FP: Passengers predicted as not survived, but actually survived.
The concerning risk is the occurrence of False Positive, where passengers who actually did not survive are predicted as survivors.
Conclusion: The metrics that need to be prioritized or evaluated are Precision.
From the output of the Random Forest classification model, it can be observed that:
Training: The model achieved an accuracy of 96.91% and a Precision/Positive Predictive Value of 95.97%.
Testing: The model achieved an accuracy of 85.39% and a Precision/Positive Predictive Value of 89.47%.
The results indicate that the model’s performance is above 80%, with a slight possibility of overfitting. ## Recap Model Evaluation NB/DT/RF
Finally, a comparison of the evaluation results between the Naive Bayes, Decision Tree, and Random Forest models was conducted.
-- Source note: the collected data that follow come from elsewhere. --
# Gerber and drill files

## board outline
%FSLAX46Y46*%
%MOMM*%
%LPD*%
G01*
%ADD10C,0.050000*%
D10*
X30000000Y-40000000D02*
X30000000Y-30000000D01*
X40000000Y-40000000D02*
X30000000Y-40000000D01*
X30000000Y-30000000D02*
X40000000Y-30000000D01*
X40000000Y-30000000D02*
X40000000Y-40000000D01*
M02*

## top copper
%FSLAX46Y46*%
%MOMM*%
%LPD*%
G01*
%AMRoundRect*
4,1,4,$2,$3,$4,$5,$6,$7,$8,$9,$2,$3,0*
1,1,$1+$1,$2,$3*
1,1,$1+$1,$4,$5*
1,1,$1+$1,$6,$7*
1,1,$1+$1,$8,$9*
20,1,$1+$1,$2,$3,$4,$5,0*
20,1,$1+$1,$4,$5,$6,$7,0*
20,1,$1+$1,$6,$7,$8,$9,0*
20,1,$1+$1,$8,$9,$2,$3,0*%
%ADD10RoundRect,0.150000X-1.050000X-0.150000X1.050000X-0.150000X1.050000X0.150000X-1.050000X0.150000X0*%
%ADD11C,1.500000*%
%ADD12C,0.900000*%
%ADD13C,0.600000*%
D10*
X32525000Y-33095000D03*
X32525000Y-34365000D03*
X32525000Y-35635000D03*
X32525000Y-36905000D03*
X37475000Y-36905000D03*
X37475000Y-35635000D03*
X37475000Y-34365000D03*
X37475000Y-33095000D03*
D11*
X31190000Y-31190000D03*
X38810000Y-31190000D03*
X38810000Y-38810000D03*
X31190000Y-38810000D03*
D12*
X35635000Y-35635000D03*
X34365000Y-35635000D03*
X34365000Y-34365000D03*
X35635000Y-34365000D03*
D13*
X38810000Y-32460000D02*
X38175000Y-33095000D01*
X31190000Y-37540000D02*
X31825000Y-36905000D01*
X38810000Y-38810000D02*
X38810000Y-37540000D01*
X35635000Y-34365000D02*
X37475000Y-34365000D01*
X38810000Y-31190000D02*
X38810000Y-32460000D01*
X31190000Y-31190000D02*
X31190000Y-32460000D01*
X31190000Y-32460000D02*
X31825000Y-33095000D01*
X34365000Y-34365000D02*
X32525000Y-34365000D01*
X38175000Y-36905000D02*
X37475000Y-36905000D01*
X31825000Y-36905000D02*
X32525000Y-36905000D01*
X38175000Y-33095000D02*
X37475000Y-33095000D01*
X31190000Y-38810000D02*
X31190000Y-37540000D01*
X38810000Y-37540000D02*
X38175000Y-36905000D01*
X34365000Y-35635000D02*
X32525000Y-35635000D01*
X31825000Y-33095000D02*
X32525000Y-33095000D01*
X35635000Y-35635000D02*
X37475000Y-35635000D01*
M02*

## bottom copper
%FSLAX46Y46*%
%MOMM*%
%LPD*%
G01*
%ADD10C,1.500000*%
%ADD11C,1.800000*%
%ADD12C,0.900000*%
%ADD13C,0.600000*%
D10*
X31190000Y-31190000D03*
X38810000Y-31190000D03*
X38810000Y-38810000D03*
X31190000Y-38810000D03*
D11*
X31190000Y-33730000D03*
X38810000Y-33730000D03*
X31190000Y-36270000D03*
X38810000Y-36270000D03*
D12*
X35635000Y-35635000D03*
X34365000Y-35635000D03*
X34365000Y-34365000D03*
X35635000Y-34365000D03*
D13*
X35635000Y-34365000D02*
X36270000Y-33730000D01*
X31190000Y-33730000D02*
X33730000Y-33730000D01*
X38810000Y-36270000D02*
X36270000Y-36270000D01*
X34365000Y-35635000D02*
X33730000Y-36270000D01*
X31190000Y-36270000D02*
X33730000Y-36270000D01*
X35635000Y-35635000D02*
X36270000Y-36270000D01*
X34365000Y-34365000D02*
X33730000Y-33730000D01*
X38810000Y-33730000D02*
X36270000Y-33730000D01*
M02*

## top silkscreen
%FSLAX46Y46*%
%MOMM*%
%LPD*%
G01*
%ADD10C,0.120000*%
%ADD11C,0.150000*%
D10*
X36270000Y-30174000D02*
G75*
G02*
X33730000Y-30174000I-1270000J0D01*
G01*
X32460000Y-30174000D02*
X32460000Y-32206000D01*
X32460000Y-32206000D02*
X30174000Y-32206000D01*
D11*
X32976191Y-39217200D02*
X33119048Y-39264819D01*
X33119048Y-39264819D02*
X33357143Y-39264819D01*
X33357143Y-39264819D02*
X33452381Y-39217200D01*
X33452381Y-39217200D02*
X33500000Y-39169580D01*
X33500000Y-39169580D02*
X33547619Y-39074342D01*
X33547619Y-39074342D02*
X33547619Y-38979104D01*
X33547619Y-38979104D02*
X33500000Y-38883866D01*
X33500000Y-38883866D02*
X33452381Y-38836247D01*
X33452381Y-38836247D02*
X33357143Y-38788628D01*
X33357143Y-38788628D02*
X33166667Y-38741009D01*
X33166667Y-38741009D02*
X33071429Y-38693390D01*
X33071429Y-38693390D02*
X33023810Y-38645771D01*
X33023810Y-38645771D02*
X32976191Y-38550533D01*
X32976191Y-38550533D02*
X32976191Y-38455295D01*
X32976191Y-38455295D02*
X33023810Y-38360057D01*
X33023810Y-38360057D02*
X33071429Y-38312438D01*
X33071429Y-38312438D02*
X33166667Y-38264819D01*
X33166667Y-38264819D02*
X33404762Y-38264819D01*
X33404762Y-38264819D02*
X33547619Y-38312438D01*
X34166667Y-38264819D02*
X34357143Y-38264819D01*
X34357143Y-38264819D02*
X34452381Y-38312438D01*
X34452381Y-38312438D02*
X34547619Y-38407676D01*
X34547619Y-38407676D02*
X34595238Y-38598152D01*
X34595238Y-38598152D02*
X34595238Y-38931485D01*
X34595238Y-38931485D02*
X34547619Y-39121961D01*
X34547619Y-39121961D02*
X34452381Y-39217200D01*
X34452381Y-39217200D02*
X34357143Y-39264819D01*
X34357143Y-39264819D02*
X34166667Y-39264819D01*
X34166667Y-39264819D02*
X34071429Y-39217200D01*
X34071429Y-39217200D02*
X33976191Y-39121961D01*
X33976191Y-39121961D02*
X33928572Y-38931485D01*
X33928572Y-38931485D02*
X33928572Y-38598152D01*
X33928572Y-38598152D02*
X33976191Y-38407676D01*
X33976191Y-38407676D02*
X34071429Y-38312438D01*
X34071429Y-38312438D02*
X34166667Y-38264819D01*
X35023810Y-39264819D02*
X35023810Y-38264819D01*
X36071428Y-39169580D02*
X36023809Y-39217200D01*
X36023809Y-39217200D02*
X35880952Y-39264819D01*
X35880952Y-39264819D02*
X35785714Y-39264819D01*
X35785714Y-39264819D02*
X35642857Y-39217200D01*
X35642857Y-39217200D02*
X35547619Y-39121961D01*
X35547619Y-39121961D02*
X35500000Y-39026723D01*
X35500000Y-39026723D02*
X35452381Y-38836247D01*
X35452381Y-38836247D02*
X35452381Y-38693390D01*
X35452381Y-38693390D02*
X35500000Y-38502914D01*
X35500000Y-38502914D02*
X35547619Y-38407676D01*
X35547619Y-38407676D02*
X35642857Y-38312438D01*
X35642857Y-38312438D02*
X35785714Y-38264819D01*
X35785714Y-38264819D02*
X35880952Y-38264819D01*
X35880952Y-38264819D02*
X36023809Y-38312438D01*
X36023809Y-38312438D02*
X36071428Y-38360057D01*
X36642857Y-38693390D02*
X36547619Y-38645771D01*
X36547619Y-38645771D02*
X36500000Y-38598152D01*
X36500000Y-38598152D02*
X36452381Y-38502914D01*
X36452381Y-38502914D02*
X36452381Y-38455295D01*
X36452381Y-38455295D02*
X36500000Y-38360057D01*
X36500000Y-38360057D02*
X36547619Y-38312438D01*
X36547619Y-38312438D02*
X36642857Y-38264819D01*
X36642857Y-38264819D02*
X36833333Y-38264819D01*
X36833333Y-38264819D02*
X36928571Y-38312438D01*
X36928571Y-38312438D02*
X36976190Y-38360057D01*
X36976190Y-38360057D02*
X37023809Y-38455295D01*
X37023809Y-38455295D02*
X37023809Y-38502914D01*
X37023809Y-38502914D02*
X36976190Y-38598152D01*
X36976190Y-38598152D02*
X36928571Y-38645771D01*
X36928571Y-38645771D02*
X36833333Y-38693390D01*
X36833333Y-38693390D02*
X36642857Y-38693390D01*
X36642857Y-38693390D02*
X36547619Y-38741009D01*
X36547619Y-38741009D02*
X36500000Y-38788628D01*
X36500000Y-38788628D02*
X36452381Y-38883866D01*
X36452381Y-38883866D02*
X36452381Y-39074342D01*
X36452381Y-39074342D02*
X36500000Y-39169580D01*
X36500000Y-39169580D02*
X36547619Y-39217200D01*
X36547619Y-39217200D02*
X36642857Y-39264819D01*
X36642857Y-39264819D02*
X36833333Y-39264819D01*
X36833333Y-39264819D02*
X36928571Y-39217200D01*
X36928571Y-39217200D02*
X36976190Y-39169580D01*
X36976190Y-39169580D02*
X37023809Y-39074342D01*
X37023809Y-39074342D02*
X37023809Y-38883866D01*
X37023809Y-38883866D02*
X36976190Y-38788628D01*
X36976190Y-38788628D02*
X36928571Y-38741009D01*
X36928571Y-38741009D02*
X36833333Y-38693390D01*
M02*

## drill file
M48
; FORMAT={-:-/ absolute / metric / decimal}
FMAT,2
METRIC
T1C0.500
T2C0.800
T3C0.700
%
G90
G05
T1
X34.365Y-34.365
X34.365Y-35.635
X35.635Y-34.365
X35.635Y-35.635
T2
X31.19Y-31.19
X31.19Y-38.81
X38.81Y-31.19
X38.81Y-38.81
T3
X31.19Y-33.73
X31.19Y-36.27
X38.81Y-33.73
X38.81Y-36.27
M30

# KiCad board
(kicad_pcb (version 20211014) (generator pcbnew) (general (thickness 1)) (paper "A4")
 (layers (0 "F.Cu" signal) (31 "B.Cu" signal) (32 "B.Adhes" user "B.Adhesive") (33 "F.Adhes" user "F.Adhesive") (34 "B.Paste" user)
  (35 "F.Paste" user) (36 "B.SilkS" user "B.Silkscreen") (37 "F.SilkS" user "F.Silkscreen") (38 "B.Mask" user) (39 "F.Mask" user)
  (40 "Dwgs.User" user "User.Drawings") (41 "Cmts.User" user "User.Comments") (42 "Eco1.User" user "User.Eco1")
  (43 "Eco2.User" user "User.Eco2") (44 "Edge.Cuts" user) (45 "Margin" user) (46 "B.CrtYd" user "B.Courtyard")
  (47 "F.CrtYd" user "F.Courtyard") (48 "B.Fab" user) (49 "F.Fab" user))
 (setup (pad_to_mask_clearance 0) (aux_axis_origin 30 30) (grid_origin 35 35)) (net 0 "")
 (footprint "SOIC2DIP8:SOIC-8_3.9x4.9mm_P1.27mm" (layer "F.Cu") (at 35 35)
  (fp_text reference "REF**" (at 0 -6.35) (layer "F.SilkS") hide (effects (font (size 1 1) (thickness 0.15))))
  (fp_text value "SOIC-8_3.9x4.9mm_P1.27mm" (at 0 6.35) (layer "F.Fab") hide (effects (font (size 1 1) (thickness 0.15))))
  (pad "1" smd roundrect locked (at -2.475 -1.905) (size 2.4 0.6) (layers "F.Cu" "F.Paste" "F.Mask") (roundrect_rratio 0.25))
  (pad "2" smd roundrect locked (at -2.475 -0.635) (size 2.4 0.6) (layers "F.Cu" "F.Paste" "F.Mask") (roundrect_rratio 0.25))
  (pad "3" smd roundrect locked (at -2.475 0.635) (size 2.4 0.6) (layers "F.Cu" "F.Paste" "F.Mask") (roundrect_rratio 0.25))
  (pad "4" smd roundrect locked (at -2.475 1.905) (size 2.4 0.6) (layers "F.Cu" "F.Paste" "F.Mask") (roundrect_rratio 0.25))
  (pad "5" smd roundrect locked (at 2.475 1.905) (size 2.4 0.6) (layers "F.Cu" "F.Paste" "F.Mask") (roundrect_rratio 0.25))
  (pad "6" smd roundrect locked (at 2.475 0.635) (size 2.4 0.6) (layers "F.Cu" "F.Paste" "F.Mask") (roundrect_rratio 0.25))
  (pad "7" smd roundrect locked (at 2.475 -0.635) (size 2.4 0.6) (layers "F.Cu" "F.Paste" "F.Mask") (roundrect_rratio 0.25))
  (pad "8" smd roundrect locked (at 2.475 -1.905) (size 2.4 0.6) (layers "F.Cu" "F.Paste" "F.Mask") (roundrect_rratio 0.25)))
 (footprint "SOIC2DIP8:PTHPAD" (layer "F.Cu") (at 31.19 31.19)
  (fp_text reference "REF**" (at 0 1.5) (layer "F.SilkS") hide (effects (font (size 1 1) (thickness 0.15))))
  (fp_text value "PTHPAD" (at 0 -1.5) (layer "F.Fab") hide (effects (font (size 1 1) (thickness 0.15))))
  (pad "1" thru_hole circle locked (at 0 0) (size 1.5 1.5) (drill 0.8) (layers *.Cu *.Mask)))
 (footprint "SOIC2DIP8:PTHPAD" (layer "F.Cu") (at 38.81 31.19)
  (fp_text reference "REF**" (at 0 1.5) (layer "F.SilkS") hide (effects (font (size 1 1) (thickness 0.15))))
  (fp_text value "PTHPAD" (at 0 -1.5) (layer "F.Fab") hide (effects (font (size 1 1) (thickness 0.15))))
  (pad "1" thru_hole circle locked (at 0 0) (size 1.5 1.5) (drill 0.8) (layers *.Cu *.Mask)))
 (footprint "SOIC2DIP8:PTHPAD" (layer "F.Cu") (at 38.81 38.81)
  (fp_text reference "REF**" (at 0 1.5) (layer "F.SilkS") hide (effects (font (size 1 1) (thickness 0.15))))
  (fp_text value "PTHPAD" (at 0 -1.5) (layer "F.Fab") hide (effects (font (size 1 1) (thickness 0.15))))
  (pad "1" thru_hole circle locked (at 0 0) (size 1.5 1.5) (drill 0.8) (layers *.Cu *.Mask)))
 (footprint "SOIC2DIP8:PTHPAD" (layer "F.Cu") (at 31.19 38.81)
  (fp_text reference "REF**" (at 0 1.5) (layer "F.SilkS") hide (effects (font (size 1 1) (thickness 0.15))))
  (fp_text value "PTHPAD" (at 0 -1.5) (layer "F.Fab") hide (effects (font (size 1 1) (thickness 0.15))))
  (pad "1" thru_hole circle locked (at 0 0) (size 1.5 1.5) (drill 0.8) (layers *.Cu *.Mask)))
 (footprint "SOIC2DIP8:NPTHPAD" (layer "F.Cu") (at 31.19 33.73)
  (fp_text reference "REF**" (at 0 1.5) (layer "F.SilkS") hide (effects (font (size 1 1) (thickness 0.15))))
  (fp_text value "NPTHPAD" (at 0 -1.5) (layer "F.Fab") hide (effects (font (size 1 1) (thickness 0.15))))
The evaluation metrics for each model are presented in a data frame, including accuracy, recall, specificity, and precision.
# Evaluasi Model Naive Bayes
eval_nv <- data.frame(Model = "Naive Bayes",
Accuracy = confusionMatrix_nv_test$overall["Accuracy"],
Recall = confusionMatrix_nv_test$byClass["Sensitivity"],
Specificity = confusionMatrix_nv_test$byClass["Specificity"],
Precision = confusionMatrix_nv_test$byClass["Pos Pred Value"])
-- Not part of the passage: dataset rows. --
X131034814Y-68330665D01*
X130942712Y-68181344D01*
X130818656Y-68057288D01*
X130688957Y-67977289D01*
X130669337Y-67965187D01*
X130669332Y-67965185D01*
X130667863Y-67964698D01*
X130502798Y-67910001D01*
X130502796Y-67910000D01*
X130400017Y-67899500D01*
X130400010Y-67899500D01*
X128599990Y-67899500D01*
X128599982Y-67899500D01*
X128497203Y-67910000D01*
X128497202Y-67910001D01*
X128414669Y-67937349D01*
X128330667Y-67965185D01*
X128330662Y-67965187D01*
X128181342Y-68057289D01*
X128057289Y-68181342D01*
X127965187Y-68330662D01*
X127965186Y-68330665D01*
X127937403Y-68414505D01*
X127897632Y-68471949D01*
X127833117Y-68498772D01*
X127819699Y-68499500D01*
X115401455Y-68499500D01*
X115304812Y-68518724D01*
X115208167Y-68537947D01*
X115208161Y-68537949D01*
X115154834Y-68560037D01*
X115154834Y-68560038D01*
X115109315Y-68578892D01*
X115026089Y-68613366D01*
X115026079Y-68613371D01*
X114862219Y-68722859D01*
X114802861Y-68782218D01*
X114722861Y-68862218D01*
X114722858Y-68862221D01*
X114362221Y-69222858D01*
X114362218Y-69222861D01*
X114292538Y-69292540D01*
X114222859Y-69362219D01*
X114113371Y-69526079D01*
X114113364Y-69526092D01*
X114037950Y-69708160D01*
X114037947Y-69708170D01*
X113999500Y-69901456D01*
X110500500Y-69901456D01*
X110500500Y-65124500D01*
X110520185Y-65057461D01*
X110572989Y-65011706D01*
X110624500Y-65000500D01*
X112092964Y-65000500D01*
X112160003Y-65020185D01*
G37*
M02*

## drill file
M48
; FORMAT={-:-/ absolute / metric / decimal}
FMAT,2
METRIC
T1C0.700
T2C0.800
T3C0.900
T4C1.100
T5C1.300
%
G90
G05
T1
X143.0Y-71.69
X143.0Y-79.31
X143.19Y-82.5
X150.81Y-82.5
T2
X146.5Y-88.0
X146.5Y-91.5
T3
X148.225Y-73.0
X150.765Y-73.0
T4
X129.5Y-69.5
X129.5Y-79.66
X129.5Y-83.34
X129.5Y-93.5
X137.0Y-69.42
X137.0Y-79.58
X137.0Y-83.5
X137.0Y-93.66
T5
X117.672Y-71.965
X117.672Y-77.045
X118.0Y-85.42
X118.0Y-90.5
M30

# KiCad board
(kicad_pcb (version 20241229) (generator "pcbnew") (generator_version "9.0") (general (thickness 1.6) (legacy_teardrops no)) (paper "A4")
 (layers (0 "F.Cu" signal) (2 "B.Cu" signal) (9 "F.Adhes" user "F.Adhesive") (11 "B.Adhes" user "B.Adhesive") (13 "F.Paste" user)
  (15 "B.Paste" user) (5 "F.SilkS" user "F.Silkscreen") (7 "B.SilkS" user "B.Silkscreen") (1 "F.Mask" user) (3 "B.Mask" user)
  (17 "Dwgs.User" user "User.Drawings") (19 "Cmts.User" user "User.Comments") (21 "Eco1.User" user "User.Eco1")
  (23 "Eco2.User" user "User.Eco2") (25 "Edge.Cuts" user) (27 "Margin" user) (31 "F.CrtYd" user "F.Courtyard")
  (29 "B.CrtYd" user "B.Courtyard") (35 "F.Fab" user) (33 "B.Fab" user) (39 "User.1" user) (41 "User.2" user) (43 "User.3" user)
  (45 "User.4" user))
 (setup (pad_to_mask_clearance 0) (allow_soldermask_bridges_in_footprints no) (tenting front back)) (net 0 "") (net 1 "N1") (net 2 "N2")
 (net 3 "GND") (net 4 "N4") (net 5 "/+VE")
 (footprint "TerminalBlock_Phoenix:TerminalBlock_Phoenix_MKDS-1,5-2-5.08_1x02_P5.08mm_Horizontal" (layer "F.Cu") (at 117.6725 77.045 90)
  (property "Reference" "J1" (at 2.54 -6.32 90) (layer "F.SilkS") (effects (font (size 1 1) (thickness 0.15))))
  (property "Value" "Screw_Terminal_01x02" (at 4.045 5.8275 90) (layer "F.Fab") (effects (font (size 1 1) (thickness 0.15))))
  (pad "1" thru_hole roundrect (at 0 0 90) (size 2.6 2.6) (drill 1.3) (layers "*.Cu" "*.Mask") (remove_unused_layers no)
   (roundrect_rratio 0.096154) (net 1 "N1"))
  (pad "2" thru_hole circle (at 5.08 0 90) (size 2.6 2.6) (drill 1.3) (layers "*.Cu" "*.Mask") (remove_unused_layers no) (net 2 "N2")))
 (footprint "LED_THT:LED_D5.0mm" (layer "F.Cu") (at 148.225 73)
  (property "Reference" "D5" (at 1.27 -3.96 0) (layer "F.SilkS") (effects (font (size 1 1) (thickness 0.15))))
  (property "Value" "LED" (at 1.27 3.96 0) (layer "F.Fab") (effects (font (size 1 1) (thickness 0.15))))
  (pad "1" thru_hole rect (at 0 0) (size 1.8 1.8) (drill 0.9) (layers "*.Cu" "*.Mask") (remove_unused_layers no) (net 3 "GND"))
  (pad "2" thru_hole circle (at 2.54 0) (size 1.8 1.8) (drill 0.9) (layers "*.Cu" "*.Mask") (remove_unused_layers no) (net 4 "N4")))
# Evaluasi Model Decision Tree
eval_dt <- data.frame(Model = "Decision Tree",
Accuracy = confusionMatrix_dt_test$overall["Accuracy"],
Recall = confusionMatrix_dt_test$byClass["Sensitivity"],
Specificity = confusionMatrix_dt_test$byClass["Specificity"],
Precision = confusionMatrix_dt_test$byClass["Pos Pred Value"])
# Evaluasi Model Random Forest
eval_rf <- data.frame(Model = "Random Forest",
Accuracy = confusionMatrix_rf_test$overall["Accuracy"],
Recall = confusionMatrix_rf_test$byClass["Sensitivity"],
Specificity = confusionMatrix_rf_test$byClass["Specificity"],
Precision = confusionMatrix_rf_test$byClass["Pos Pred Value"])
eval <- rbind(eval_nv, eval_dt, eval_rf)
rownames(eval) <- NULL
eval[order(eval$Precision, decreasing = T), ]As previously stated, Accuracy and Precision were chosen as the metrics to evaluate the model’s performance. Based on the evaluation results, the random forest model outperforms the Naive Bayes and Decision Tree models in predicting the survival of Titanic passengers.
The random forest model achieved the following performance metrics:
An accuracy value of 85.39% indicates that the random forest model correctly predicted the survival outcome (0 or 1) for approximately 85.39% of the instances in the test data, which represents unseen data. This suggests that the model has a high ability to correctly classify both survival and non-survival cases in unseen data.
In summary, the random forest model demonstrates better predictive performance, with a higher accuracy and precision, making it a preferred model for predicting the survival of Titanic passengers.